WHAT TO WORK ON:
Scan each line of the entries below for the word "thickness" and count the ones where it appears. The answer is that number alone.

GIVEN RECORDS:
┌──
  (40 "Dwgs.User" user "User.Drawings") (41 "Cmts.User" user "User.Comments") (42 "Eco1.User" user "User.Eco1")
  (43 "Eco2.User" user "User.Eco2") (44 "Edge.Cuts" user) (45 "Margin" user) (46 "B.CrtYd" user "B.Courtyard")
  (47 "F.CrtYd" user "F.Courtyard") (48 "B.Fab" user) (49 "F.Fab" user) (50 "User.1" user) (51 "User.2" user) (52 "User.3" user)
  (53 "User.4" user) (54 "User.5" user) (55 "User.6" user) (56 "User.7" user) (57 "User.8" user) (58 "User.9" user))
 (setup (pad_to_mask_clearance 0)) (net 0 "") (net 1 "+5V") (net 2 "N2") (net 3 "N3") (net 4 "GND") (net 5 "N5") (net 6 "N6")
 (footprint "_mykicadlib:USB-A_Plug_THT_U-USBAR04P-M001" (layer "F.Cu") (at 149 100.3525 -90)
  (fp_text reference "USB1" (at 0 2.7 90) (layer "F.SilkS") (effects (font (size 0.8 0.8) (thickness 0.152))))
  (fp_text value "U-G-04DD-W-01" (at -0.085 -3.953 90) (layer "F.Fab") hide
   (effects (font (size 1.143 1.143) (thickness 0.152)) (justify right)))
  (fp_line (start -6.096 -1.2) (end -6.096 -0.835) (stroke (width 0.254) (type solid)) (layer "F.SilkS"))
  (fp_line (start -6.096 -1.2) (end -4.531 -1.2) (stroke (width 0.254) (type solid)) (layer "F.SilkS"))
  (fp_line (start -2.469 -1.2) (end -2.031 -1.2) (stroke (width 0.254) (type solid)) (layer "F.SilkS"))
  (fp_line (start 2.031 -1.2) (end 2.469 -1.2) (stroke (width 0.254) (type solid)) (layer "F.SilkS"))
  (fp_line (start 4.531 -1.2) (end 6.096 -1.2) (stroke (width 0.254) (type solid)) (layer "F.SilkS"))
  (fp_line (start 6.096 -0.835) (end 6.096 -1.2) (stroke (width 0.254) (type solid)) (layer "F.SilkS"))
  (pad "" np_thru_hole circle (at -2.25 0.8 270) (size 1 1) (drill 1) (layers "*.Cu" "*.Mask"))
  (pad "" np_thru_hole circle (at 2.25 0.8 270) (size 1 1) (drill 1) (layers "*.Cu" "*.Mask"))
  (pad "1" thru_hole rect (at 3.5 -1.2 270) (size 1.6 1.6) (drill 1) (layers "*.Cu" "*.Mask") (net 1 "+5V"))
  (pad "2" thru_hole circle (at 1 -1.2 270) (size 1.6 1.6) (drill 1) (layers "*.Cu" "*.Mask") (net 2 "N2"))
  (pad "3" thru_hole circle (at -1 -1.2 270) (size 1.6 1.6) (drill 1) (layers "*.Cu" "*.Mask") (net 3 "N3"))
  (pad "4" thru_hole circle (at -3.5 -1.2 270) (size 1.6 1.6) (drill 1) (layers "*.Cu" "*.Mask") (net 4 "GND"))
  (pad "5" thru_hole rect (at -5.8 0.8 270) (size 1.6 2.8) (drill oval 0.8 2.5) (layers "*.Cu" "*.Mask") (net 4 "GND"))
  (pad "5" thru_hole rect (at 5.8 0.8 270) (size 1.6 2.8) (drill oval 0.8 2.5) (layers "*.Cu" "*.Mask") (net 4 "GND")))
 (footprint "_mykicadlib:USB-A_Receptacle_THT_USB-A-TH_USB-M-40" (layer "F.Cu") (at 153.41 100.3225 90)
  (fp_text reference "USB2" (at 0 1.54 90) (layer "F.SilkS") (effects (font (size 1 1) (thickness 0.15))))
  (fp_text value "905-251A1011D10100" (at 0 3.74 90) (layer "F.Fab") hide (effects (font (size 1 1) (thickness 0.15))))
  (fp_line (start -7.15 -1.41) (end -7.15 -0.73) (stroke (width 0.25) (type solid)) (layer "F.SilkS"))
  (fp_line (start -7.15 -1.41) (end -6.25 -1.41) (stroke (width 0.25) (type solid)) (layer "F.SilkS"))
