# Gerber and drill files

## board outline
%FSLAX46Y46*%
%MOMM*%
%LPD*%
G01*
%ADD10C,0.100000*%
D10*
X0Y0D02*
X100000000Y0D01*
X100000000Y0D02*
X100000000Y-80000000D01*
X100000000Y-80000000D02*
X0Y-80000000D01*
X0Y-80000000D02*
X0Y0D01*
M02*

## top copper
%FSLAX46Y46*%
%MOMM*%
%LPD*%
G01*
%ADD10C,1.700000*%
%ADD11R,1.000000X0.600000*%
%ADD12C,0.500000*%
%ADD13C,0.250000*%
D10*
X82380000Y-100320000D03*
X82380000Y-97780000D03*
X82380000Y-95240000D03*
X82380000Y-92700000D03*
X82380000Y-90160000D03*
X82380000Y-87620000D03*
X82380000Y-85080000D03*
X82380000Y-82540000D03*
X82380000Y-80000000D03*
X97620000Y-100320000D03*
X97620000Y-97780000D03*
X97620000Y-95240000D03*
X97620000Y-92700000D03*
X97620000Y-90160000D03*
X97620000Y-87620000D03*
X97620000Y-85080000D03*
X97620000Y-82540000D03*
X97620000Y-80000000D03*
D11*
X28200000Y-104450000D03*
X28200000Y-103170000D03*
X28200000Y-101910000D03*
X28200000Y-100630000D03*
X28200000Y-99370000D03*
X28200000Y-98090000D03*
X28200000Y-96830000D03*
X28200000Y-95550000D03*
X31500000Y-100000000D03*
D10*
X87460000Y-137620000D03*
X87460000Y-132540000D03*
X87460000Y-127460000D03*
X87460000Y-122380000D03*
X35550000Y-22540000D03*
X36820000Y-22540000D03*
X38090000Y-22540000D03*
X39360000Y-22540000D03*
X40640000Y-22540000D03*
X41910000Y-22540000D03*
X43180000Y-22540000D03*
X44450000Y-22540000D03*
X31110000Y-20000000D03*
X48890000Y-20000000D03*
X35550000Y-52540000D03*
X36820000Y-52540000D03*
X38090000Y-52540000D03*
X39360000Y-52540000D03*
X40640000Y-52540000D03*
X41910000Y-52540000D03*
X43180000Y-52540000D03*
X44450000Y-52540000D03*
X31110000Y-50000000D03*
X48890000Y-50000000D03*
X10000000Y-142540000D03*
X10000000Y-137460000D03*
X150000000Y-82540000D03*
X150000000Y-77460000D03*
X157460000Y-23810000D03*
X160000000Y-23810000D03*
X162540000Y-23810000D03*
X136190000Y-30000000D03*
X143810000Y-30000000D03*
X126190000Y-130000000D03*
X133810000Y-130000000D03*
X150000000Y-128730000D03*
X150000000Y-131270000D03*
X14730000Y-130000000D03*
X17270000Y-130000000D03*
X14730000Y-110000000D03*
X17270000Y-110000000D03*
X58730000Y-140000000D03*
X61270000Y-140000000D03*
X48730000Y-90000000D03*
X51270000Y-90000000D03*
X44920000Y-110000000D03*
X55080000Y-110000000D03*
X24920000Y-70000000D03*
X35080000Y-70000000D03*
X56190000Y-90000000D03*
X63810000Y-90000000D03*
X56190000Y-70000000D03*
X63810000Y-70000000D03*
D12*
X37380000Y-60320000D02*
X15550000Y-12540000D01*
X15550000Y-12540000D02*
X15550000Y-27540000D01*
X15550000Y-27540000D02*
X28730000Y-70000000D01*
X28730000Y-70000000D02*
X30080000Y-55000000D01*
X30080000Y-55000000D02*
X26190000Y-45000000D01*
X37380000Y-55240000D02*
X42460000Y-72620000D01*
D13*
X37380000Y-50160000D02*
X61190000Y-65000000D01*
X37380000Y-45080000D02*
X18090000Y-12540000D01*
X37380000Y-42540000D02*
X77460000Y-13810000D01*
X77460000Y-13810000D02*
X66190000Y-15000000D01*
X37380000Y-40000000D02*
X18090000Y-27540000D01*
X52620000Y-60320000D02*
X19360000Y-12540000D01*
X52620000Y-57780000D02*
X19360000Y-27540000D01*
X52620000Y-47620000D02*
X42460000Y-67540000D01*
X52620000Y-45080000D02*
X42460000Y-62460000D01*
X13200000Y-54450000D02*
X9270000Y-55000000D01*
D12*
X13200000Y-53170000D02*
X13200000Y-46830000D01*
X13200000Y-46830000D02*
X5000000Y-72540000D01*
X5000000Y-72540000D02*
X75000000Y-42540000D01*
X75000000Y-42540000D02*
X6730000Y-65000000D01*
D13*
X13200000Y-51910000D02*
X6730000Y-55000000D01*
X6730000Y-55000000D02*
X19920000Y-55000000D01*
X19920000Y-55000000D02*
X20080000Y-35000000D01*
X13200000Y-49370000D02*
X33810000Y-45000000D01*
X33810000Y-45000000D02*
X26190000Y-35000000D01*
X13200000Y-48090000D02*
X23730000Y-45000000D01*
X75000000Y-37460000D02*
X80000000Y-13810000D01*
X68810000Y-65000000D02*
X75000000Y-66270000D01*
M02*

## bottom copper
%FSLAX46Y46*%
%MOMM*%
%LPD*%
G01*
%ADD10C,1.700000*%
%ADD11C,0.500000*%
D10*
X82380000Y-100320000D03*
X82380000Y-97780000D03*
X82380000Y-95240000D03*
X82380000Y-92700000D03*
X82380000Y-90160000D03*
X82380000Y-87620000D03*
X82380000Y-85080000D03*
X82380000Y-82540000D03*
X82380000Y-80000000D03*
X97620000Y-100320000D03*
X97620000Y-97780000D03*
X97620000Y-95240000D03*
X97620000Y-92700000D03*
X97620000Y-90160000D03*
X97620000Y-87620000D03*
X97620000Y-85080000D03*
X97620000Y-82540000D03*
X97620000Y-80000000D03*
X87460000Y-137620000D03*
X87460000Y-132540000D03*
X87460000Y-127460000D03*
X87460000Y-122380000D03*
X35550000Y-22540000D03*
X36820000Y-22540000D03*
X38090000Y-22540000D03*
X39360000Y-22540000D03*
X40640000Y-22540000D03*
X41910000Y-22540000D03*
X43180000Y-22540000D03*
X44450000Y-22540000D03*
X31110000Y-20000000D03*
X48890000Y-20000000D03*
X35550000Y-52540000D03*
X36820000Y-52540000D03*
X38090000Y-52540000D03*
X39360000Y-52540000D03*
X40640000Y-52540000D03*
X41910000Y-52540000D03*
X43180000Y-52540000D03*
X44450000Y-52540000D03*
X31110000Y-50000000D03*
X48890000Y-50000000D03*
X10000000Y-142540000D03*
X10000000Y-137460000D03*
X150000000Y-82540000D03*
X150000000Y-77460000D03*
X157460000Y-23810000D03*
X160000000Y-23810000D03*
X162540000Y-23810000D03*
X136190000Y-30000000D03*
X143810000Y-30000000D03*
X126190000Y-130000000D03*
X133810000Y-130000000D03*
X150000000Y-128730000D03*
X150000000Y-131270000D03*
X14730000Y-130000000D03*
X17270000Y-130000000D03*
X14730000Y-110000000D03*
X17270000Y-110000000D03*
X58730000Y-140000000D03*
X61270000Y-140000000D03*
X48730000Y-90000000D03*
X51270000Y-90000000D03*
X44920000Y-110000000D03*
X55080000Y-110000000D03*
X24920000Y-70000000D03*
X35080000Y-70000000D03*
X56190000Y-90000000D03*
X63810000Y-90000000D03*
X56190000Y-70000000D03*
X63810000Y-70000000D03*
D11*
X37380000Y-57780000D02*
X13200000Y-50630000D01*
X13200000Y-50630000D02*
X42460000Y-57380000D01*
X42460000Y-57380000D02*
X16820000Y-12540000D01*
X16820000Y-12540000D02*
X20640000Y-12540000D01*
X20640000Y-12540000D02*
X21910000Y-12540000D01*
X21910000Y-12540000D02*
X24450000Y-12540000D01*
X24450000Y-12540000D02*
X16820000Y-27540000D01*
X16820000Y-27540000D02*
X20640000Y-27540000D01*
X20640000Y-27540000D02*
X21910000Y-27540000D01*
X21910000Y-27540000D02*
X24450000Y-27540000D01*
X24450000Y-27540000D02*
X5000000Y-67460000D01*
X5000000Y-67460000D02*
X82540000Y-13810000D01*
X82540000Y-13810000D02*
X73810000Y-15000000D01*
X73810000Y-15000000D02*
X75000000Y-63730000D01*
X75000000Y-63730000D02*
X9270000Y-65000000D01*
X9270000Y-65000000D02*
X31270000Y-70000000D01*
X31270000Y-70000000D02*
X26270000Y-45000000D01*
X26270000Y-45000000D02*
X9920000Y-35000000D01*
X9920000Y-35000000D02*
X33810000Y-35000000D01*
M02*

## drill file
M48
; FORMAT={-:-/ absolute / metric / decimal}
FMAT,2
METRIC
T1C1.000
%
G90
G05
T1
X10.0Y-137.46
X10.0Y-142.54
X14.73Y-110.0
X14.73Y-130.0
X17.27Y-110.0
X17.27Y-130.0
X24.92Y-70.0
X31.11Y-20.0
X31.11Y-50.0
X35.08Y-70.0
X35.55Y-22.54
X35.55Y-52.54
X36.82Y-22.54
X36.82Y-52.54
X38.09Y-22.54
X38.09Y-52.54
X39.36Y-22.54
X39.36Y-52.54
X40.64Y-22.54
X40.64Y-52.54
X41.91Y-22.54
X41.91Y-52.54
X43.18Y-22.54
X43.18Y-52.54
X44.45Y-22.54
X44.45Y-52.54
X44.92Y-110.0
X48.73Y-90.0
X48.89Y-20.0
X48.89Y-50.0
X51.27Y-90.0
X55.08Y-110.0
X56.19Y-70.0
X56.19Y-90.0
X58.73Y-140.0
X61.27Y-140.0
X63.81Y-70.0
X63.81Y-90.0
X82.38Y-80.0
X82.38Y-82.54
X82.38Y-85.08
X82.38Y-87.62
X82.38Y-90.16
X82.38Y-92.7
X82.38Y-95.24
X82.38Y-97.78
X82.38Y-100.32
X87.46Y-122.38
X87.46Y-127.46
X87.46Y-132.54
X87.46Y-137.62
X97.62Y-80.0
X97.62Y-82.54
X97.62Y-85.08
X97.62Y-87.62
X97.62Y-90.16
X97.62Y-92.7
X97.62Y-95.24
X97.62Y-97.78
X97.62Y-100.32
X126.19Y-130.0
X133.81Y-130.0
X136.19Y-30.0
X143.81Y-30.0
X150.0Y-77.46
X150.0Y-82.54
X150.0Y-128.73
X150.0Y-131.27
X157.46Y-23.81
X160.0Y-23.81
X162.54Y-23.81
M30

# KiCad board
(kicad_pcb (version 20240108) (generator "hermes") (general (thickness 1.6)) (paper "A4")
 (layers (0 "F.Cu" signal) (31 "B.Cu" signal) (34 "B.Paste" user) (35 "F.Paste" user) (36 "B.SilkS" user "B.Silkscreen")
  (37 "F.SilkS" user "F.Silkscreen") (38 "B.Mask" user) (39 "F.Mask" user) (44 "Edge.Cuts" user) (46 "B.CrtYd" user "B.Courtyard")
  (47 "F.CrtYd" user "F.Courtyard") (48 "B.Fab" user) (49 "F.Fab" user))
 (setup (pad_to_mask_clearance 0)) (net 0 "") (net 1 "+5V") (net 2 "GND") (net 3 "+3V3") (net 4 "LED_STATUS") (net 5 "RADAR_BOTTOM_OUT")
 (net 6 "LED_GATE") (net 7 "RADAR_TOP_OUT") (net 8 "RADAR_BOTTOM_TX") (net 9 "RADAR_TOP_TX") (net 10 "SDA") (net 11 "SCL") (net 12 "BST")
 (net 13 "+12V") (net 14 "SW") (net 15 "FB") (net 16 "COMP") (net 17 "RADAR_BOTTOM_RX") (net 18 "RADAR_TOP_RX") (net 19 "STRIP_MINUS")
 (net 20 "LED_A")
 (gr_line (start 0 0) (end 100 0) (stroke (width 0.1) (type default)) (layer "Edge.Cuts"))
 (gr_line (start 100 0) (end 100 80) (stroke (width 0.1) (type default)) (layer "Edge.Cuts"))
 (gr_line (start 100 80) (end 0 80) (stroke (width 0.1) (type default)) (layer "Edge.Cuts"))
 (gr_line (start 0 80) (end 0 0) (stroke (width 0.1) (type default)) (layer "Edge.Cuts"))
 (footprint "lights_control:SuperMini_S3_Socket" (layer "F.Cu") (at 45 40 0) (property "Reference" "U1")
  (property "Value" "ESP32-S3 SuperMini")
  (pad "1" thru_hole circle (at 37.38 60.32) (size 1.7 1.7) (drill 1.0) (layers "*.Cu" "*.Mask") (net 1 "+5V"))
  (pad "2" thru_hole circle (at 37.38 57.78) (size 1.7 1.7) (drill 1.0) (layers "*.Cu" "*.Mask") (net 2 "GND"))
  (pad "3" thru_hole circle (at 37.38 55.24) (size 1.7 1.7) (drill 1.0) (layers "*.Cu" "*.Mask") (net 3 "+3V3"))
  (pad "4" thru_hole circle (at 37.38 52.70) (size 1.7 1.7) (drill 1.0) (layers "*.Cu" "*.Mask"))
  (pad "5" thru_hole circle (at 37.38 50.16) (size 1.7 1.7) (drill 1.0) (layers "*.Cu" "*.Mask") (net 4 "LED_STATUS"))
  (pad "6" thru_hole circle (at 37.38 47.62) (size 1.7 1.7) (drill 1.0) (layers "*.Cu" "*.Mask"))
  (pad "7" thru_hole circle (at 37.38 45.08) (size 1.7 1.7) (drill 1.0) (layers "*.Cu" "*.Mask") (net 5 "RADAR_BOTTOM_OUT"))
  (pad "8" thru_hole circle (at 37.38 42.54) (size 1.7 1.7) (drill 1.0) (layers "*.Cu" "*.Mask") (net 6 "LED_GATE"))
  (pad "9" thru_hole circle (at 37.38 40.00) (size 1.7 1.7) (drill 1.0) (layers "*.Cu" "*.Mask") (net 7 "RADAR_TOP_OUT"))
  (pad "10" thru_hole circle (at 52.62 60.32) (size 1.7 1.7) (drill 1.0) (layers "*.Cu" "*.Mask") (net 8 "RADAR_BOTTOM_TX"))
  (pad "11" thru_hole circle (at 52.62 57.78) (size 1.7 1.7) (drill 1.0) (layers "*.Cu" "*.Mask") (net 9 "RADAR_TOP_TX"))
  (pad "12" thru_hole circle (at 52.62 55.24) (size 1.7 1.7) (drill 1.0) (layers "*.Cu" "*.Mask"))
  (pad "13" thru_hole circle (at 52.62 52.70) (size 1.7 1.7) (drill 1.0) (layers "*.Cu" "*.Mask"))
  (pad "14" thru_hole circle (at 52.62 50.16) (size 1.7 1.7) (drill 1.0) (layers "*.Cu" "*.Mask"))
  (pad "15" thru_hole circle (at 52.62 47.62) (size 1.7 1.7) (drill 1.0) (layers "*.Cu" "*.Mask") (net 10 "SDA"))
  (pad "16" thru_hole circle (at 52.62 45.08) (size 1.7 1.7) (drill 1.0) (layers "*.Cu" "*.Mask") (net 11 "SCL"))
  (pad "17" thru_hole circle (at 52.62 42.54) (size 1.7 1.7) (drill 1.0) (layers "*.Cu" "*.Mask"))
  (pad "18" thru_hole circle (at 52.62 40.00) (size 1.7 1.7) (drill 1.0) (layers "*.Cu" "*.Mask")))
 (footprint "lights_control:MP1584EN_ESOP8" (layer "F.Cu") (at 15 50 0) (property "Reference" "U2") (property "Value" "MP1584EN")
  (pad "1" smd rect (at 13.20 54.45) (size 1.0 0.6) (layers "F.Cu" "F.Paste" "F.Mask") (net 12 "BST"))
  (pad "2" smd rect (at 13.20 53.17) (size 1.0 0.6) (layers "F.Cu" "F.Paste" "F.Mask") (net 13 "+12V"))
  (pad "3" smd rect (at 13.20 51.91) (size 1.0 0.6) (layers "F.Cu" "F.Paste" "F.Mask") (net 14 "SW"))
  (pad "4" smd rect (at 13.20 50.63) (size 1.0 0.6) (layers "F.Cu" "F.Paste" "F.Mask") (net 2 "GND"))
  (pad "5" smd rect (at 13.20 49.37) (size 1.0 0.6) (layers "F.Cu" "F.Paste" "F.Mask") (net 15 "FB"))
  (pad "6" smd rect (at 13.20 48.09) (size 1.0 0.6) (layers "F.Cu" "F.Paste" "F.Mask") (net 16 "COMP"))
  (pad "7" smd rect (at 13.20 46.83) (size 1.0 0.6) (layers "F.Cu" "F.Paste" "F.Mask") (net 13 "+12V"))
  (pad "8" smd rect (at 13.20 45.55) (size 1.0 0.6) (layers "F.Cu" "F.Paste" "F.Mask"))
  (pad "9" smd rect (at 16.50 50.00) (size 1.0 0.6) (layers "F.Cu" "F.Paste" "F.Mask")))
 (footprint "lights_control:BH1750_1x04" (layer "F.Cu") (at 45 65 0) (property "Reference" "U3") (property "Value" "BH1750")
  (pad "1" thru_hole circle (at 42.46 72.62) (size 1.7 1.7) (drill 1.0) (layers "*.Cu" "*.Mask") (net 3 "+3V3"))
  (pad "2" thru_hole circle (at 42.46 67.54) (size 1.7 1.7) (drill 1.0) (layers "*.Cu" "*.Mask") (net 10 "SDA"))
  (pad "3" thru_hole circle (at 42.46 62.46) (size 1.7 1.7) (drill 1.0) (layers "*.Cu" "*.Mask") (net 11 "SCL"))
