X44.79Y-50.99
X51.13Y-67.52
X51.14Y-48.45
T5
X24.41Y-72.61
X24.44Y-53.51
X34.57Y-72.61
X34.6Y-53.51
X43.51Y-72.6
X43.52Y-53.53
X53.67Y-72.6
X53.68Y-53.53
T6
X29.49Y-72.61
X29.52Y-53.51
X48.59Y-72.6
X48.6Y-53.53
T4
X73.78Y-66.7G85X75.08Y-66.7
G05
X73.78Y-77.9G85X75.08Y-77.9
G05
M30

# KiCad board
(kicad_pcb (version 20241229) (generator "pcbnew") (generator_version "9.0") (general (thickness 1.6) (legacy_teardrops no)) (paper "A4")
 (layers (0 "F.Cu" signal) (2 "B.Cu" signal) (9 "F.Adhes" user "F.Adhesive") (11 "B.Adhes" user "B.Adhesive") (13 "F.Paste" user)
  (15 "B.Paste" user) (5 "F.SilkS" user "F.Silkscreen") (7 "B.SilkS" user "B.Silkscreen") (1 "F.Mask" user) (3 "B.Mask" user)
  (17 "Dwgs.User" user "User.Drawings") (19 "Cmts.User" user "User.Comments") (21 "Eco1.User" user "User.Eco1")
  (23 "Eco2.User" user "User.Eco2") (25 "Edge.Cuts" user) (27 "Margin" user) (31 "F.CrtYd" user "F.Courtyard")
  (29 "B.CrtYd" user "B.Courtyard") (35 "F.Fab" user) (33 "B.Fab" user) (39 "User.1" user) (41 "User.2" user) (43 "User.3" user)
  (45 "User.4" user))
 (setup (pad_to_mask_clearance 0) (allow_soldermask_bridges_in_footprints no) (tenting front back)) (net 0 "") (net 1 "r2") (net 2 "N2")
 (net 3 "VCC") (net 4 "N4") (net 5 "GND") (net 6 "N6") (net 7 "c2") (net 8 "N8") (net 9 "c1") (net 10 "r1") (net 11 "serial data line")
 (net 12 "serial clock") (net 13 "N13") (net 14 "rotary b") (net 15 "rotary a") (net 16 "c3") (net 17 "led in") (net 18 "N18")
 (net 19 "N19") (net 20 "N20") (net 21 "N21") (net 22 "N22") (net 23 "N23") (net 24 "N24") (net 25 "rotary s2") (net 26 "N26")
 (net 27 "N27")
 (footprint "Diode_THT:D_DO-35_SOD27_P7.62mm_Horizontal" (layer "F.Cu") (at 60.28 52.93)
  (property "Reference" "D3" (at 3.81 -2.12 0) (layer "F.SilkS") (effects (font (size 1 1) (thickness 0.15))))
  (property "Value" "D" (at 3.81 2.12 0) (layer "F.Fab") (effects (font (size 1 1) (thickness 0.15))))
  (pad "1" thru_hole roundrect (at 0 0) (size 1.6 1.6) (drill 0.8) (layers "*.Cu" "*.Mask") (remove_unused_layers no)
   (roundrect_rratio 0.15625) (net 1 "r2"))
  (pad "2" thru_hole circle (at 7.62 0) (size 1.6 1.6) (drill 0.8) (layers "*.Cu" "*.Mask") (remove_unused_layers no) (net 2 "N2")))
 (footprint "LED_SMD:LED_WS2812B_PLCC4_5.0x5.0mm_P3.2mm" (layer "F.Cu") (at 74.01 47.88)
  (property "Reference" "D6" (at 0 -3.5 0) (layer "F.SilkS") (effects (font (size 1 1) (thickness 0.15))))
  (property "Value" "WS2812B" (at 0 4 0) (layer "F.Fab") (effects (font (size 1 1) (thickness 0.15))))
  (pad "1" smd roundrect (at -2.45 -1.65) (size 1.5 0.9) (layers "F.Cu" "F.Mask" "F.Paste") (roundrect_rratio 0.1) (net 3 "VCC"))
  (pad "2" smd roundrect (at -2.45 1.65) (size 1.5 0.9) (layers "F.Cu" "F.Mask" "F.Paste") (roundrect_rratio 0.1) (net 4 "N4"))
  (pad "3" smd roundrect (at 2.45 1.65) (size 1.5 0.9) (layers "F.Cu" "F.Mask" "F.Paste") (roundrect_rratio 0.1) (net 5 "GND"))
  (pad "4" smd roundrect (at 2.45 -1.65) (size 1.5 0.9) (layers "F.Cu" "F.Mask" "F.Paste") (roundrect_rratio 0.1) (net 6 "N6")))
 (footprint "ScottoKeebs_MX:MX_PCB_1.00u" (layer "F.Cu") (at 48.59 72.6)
└──
WRITTEN SOLUTION:
10